That was one of the most revealing, well thought out, creative, worthwhile, thought provoking studies of light I've ever seen. It moved me. Later, in the next couple of days I will think of better words to describe how much I appreciate that.

I'm certain I am unalone in my appreciation.

Jeff


----------



## Dioni

StarHalo

Very nice pics!!! oo:


----------



## LuxLuthor

Icebreak said:


> StarHalo -
> 
> That was one of the most revealing, well thought out, creative, worthwhile, thought provoking studies of light I've ever seen. It moved me. Later, in the next couple of days I will think of better words to describe how much I appreciate that.
> 
> I'm certain I am unalone in my appreciation.
> 
> Jeff



I agree totally. It demonstrated the stunning impact beyond what I was even aware was possible. I had a bunch of photos I was going to post, but you just raised the bar over my head. Thank you! :thumbsup:


----------



## StarHalo

Let's all go to the movies


"You lost your L.A. privileges." (Pulp Fiction)






"Your Commie has no regard for human life, not even of his own. For this reason men, I want to impress upon you the need for extreme watchfulness. The enemy may come individually, or in strength. He may even appear in the form of our own troops." (Dr. Strangelove)






"So, ladies and gentlemen... if I say I'm an oil man you will agree. You have a great chance here, but bear in mind, you can lose it all if you're not careful." (There Will Be Blood)






"Eeeeee-va" (Wall-E)






"Hey, Pam, remember when I said this car was death proof? Well, that wasn't a lie. This car is 100% death proof. Only to get the benefit of it, honey, you REALLY need to be sitting in my seat." (Death Proof)






"And she - ruined - EVERYTHING." (Fight Club)






"Take the ticket.. c'mon, take it.." (Fear And Loathing In Las Vegas)






"I'll cut your little p**ker off." (Sin City)


----------



## StarHalo

Dexter Season Four DVD release party

For the uninitiated: _Dexter_ is a Showtime original drama series which centers around Dexter Morgan (Michael C. Hall), a very experienced blood spatter-pattern analyst for the Miami Metro Police Department who is integral to solving the worst and most bizarre crimes that Miami has to offer. And he's also a serial killer.

Highly recommended.


"Blood. Sometimes it sets my teeth on edge, other times it helps me control the chaos."






"Imagine falling for a serial killer.."






"There are no secrets, just hidden truths beneath the surface."






"Jesus, Dex.."


----------



## LuxLuthor

Some amazing high speed photographs at http://www.lex-augusteijn.nl/Gallery/High speed/Bullets


----------



## Icebreak

Freaking wow, LuxLuthor.


----------



## Dioni

Icebreak said:


> Freaking wow, LuxLuthor.


 
+1

Thanks for the link Lux :thumbsup:


----------



## lctorana

Yes. Time your "race to failure" thread got bumped or added to.


----------



## Icebreak

That is a pretty cool failure, lctorana. It reminds me of another failure Lux posted. Remember the one that looked like kaotic art?

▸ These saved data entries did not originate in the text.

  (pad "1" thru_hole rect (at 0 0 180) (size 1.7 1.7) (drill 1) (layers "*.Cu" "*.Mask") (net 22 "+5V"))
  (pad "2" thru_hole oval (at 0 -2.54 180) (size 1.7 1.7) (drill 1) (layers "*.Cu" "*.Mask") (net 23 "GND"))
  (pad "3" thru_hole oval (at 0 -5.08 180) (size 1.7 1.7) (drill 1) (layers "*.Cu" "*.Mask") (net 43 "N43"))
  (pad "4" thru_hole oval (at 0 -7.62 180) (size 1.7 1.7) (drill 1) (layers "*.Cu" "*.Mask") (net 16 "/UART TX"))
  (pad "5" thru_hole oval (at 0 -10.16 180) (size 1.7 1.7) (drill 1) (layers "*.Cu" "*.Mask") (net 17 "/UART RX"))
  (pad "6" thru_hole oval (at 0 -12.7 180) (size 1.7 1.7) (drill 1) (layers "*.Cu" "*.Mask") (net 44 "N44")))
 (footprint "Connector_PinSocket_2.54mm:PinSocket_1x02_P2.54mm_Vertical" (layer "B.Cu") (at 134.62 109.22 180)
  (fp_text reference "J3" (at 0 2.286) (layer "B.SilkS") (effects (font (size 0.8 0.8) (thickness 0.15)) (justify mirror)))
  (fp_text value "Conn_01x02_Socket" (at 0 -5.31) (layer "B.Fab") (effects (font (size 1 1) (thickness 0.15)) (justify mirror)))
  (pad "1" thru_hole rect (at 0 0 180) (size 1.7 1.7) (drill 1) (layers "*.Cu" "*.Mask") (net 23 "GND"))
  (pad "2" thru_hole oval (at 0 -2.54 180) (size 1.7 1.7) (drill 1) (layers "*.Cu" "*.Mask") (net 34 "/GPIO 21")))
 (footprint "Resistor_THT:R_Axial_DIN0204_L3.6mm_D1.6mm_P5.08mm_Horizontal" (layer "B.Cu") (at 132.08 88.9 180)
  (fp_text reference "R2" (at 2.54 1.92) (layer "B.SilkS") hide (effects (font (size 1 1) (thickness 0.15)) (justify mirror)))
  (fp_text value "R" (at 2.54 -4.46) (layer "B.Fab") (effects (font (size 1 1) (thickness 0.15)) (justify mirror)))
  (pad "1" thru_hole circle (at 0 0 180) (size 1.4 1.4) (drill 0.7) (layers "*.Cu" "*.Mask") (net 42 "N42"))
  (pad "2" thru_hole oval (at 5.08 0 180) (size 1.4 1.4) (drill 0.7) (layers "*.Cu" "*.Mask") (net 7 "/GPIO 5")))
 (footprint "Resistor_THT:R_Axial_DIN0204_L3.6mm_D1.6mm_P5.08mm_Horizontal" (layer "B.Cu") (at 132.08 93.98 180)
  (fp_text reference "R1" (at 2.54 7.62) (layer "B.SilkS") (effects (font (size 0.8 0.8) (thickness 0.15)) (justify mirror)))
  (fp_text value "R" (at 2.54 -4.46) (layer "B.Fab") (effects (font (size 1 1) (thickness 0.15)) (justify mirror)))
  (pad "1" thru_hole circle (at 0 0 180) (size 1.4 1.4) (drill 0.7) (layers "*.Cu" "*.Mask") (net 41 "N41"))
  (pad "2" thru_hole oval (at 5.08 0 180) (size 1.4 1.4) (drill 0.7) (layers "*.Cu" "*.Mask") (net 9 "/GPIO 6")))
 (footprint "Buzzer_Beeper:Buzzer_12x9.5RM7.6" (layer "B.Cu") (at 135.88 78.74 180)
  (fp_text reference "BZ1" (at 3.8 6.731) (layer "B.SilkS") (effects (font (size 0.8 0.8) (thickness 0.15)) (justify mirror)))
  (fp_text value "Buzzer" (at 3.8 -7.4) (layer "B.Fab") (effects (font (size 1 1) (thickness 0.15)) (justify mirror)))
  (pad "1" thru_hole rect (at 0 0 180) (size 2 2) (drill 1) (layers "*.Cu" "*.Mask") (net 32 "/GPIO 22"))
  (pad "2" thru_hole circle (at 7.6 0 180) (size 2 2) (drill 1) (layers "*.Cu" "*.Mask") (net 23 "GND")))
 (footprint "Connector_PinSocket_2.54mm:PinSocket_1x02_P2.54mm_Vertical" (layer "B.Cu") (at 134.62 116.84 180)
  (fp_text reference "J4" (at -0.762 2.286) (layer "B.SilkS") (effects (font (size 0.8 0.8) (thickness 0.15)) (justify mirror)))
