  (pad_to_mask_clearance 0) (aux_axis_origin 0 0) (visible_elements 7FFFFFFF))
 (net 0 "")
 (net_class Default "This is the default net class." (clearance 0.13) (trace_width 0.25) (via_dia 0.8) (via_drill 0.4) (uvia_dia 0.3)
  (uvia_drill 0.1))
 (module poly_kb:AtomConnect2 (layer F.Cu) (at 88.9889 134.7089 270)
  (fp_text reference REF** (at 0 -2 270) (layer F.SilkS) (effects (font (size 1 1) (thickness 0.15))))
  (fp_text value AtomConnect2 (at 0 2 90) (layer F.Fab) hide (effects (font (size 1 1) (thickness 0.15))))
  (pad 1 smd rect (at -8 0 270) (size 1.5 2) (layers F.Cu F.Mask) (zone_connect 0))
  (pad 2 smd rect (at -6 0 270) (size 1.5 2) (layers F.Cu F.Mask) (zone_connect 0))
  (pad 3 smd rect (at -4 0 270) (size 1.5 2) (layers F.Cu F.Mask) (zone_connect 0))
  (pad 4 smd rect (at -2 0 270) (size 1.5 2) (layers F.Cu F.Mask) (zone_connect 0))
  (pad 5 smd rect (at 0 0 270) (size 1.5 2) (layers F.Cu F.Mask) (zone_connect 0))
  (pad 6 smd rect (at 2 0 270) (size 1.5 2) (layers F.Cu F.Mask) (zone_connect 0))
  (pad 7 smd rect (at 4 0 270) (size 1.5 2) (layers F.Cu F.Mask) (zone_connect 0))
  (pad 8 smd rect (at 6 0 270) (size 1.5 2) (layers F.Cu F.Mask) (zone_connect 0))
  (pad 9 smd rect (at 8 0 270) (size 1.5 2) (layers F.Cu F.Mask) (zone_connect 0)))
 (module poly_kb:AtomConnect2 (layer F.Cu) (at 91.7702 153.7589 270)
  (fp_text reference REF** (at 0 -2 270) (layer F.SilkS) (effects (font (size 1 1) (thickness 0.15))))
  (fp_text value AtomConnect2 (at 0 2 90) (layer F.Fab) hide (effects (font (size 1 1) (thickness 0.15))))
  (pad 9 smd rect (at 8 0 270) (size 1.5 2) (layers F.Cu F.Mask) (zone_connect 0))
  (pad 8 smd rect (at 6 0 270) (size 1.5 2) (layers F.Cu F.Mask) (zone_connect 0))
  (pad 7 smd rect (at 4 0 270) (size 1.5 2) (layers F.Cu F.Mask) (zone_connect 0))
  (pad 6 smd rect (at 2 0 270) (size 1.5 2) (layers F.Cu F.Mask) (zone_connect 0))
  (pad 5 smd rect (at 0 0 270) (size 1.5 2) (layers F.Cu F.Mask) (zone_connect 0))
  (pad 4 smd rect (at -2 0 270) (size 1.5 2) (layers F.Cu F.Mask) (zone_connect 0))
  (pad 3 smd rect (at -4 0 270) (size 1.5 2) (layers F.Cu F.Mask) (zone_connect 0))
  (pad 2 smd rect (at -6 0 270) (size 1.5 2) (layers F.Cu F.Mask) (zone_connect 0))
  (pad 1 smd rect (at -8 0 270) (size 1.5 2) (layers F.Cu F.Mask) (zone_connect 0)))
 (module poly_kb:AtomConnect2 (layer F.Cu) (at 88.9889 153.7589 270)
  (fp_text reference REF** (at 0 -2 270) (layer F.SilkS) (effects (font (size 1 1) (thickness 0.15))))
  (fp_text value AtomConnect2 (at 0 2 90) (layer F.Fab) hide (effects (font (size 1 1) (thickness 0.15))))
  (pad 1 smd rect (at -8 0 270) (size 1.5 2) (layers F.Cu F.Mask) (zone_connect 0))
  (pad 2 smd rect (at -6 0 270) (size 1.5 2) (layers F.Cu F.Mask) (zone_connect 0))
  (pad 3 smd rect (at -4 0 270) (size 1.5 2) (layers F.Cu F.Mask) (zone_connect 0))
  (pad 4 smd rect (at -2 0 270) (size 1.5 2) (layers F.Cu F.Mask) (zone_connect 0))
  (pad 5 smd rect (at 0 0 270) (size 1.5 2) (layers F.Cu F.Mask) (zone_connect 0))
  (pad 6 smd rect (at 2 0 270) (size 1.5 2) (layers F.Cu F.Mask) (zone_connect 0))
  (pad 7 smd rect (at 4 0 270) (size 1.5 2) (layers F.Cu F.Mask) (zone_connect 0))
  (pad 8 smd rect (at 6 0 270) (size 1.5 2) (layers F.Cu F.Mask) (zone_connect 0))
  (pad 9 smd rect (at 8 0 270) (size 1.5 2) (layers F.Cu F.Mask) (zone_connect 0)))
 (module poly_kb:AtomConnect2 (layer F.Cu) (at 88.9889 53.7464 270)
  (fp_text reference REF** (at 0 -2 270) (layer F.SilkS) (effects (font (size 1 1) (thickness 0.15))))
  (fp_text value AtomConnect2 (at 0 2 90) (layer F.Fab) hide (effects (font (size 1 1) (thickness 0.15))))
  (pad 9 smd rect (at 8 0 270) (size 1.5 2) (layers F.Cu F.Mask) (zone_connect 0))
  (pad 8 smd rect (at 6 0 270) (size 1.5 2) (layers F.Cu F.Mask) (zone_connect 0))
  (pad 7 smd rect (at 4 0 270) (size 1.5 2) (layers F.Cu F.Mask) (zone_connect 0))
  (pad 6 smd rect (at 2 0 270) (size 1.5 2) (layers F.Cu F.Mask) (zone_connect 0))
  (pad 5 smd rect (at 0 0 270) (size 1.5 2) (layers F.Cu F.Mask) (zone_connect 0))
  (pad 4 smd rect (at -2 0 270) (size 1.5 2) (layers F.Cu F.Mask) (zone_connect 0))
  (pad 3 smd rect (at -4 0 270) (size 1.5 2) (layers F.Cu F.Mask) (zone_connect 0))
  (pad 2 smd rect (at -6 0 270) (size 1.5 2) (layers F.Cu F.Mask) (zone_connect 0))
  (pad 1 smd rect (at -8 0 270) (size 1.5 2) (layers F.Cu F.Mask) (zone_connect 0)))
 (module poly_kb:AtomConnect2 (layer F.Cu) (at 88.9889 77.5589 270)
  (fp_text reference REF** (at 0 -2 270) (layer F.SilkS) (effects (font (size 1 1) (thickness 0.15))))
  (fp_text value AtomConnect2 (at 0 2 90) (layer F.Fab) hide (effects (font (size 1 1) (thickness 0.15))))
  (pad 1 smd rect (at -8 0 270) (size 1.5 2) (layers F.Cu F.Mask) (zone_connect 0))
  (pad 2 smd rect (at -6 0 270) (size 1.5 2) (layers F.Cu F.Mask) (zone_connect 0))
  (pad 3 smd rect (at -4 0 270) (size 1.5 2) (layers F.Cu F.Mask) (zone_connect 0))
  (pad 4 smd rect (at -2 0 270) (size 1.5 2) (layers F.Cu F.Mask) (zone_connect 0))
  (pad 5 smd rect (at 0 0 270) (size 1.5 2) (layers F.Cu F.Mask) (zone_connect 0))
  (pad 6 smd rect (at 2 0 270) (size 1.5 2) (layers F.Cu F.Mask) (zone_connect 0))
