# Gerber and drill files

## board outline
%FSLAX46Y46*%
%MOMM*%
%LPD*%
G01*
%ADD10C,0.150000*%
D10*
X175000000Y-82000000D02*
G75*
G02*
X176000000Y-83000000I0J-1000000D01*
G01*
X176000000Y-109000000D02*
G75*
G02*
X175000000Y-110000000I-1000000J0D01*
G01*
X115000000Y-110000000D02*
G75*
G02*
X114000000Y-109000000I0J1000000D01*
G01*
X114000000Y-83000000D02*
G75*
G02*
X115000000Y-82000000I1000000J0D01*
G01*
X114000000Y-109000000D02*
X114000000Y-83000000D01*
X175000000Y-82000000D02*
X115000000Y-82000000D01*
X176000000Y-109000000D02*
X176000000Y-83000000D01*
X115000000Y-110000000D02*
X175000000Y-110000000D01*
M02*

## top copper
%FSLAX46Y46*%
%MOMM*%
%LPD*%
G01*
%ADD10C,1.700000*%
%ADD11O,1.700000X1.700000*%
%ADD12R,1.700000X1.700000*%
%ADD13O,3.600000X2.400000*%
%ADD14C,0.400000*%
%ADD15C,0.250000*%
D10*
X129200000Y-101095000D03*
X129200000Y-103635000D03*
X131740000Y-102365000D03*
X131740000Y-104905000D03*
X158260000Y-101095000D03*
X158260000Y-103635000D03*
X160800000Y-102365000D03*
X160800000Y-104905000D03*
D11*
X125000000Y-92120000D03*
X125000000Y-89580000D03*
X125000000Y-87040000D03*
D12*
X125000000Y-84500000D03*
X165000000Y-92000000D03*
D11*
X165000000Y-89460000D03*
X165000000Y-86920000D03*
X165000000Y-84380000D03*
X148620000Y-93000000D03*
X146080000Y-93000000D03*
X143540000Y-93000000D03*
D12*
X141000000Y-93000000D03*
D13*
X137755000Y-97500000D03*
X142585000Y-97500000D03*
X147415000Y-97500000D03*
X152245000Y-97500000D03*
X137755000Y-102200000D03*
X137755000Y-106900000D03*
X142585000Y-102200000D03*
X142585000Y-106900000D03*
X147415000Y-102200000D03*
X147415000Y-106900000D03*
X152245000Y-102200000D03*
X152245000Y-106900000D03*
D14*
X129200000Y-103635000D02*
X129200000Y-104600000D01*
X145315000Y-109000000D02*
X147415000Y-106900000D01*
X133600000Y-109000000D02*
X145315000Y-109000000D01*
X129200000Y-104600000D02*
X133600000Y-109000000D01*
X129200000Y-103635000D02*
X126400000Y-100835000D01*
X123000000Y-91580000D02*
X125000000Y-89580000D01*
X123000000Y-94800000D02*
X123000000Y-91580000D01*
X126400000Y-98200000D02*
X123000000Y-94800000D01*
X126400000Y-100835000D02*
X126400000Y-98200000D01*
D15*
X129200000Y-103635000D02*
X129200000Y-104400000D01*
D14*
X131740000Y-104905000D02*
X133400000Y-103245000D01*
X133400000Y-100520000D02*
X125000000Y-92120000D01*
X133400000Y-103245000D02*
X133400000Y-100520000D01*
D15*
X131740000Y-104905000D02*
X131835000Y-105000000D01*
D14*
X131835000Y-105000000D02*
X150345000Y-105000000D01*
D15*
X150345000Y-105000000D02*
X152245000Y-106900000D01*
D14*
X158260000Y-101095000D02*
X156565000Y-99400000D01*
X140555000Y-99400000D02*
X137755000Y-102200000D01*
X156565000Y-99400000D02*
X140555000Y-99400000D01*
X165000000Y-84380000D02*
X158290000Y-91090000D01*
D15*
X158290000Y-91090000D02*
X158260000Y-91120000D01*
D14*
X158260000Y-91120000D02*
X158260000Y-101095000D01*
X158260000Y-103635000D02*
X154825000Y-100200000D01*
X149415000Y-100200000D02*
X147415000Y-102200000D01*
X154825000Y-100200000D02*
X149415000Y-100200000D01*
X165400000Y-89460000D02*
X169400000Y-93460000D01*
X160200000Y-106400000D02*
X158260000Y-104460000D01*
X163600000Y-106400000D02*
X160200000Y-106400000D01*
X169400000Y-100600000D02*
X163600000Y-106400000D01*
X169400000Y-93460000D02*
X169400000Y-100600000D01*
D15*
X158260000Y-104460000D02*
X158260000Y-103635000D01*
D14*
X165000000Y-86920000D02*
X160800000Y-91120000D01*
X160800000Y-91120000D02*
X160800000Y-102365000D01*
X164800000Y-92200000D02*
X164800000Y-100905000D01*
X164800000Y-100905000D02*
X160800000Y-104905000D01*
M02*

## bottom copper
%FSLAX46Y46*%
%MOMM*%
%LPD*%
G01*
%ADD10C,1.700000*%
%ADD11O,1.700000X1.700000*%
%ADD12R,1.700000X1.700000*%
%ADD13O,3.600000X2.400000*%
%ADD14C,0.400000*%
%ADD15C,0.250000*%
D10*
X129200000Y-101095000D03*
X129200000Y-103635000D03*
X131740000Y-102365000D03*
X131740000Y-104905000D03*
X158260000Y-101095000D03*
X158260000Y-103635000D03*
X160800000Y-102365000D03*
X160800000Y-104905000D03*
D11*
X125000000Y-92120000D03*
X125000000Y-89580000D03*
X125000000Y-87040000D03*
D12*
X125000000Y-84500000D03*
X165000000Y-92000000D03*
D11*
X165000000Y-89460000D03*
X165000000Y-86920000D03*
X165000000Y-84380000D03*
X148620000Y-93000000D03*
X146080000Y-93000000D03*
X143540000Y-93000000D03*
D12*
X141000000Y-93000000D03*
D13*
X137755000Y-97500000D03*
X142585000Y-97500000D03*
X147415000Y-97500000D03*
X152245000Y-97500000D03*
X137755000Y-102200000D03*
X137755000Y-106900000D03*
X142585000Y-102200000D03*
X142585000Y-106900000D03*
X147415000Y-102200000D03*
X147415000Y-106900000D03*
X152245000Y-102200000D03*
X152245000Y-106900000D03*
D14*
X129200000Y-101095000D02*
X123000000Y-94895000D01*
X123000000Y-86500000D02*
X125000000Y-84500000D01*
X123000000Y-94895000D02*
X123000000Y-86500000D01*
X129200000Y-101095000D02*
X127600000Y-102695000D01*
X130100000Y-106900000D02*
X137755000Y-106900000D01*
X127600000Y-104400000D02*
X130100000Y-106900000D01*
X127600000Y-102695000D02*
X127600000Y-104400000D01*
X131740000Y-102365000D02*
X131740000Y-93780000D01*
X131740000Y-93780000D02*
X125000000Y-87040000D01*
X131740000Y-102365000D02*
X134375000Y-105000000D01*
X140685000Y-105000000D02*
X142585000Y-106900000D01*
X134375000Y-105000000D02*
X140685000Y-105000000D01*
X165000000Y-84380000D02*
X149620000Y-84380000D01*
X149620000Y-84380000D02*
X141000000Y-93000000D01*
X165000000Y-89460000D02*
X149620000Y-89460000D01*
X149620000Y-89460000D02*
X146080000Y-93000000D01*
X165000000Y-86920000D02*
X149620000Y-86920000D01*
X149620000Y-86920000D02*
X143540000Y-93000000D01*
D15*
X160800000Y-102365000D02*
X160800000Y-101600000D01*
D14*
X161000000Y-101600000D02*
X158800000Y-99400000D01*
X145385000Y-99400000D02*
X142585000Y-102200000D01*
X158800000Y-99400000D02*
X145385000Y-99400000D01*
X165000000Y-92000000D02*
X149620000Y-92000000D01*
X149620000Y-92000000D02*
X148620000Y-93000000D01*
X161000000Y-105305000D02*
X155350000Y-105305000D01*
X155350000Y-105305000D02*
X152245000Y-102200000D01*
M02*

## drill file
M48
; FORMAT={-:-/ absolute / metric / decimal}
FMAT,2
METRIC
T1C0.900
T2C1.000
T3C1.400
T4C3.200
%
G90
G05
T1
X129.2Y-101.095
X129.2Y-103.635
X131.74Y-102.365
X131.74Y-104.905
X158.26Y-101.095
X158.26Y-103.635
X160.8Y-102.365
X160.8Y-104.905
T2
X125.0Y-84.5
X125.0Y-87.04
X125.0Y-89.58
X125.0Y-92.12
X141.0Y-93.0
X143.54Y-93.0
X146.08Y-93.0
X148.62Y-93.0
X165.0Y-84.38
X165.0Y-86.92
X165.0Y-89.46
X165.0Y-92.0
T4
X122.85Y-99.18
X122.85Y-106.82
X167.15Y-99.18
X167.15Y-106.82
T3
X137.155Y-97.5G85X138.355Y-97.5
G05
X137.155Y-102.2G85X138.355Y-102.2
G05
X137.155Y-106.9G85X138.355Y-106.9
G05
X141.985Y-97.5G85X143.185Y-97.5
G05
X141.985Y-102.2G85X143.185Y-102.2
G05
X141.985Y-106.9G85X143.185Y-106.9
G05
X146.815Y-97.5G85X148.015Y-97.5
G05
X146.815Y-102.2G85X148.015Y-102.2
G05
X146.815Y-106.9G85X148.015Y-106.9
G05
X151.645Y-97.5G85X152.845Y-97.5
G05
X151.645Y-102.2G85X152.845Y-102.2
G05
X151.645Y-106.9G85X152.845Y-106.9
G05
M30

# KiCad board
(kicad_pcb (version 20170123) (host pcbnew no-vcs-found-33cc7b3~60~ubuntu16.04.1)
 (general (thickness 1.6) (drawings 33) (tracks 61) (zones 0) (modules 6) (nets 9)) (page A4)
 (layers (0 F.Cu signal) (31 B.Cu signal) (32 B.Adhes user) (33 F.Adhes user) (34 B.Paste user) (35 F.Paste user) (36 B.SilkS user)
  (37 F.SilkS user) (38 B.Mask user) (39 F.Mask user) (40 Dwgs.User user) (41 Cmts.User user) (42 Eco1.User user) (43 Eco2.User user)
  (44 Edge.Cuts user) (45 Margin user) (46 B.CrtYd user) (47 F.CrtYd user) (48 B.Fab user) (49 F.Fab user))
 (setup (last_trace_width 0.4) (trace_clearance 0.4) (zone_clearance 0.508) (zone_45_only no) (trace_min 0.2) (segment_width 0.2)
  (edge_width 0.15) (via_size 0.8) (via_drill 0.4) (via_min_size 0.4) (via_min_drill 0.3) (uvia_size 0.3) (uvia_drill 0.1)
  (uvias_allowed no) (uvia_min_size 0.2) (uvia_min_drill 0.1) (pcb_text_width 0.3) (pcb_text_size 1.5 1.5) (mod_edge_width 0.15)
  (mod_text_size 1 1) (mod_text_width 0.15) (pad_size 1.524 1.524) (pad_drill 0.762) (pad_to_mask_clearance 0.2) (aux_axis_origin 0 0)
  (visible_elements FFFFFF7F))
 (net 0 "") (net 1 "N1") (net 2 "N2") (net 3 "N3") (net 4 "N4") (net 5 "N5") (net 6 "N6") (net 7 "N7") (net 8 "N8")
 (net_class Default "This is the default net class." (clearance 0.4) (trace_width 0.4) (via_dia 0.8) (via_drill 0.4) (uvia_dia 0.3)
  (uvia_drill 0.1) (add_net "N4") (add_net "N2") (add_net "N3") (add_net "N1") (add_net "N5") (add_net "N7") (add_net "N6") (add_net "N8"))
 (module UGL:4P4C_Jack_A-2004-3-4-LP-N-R (layer F.Cu) (at 115 103 270)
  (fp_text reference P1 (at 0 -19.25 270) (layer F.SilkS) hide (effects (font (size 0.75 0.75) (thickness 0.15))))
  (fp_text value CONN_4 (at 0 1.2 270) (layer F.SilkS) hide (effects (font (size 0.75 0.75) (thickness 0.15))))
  (pad "" np_thru_hole circle (at -3.82 -7.85 270) (size 3.2 3.2) (drill 3.2) (layers *.Cu *.Mask F.SilkS))
  (pad "" np_thru_hole circle (at 3.82 -7.85 270) (size 3.2 3.2) (drill 3.2) (layers *.Cu *.Mask F.SilkS))
  (pad 4 thru_hole circle (at -1.905 -14.2 270) (size 1.7 1.7) (drill 0.9) (layers *.Cu *.Mask F.SilkS) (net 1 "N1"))
  (pad 2 thru_hole circle (at 0.635 -14.2 270) (size 1.7 1.7) (drill 0.9) (layers *.Cu *.Mask F.SilkS) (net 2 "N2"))
  (pad 3 thru_hole circle (at -0.635 -16.74 270) (size 1.7 1.7) (drill 0.9) (layers *.Cu *.Mask F.SilkS) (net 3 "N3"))
  (pad 1 thru_hole circle (at 1.905 -16.74 270) (size 1.7 1.7) (drill 0.9) (layers *.Cu *.Mask F.SilkS) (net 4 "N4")))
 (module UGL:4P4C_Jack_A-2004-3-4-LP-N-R (layer F.Cu) (at 175 103 90)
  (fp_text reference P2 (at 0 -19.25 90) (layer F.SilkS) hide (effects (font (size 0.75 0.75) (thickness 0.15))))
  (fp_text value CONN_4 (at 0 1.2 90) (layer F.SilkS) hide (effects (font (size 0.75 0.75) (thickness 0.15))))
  (pad 1 thru_hole circle (at 1.905 -16.74 90) (size 1.7 1.7) (drill 0.9) (layers *.Cu *.Mask F.SilkS) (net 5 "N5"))
  (pad 3 thru_hole circle (at -0.635 -16.74 90) (size 1.7 1.7) (drill 0.9) (layers *.Cu *.Mask F.SilkS) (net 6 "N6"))
  (pad 2 thru_hole circle (at 0.635 -14.2 90) (size 1.7 1.7) (drill 0.9) (layers *.Cu *.Mask F.SilkS) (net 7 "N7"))
  (pad 4 thru_hole circle (at -1.905 -14.2 90) (size 1.7 1.7) (drill 0.9) (layers *.Cu *.Mask F.SilkS) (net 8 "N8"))
  (pad "" np_thru_hole circle (at 3.82 -7.85 90) (size 3.2 3.2) (drill 3.2) (layers *.Cu *.Mask F.SilkS))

The one "scene" photo you contributed is still a favorite of mine especially the included history description.

Jeff


----------



## Icebreak

Tiffany Christopher

Here's some photos I took of my pal Tiffany. One of the most talented people I've ever met. Name it. Folk Rock, Rockabilly, Torch, Pure Rock she can do it with or without a band. Not trying to do a "Versus" thing. Would rather keep it on track but I kinda liked my crappy photos of her. Thought you guys might like them too.

LED lit.







LED lit.







Incandescently lit.






Incandescently lit.


----------



## StarHalo

Lindsay Lohan (Machete, The Parent Trap, Century Regional)






Jessica Alba (Machete, Sin City)






Claire Danes (My So Called Life, Romeo+Juliet, Temple Grandin)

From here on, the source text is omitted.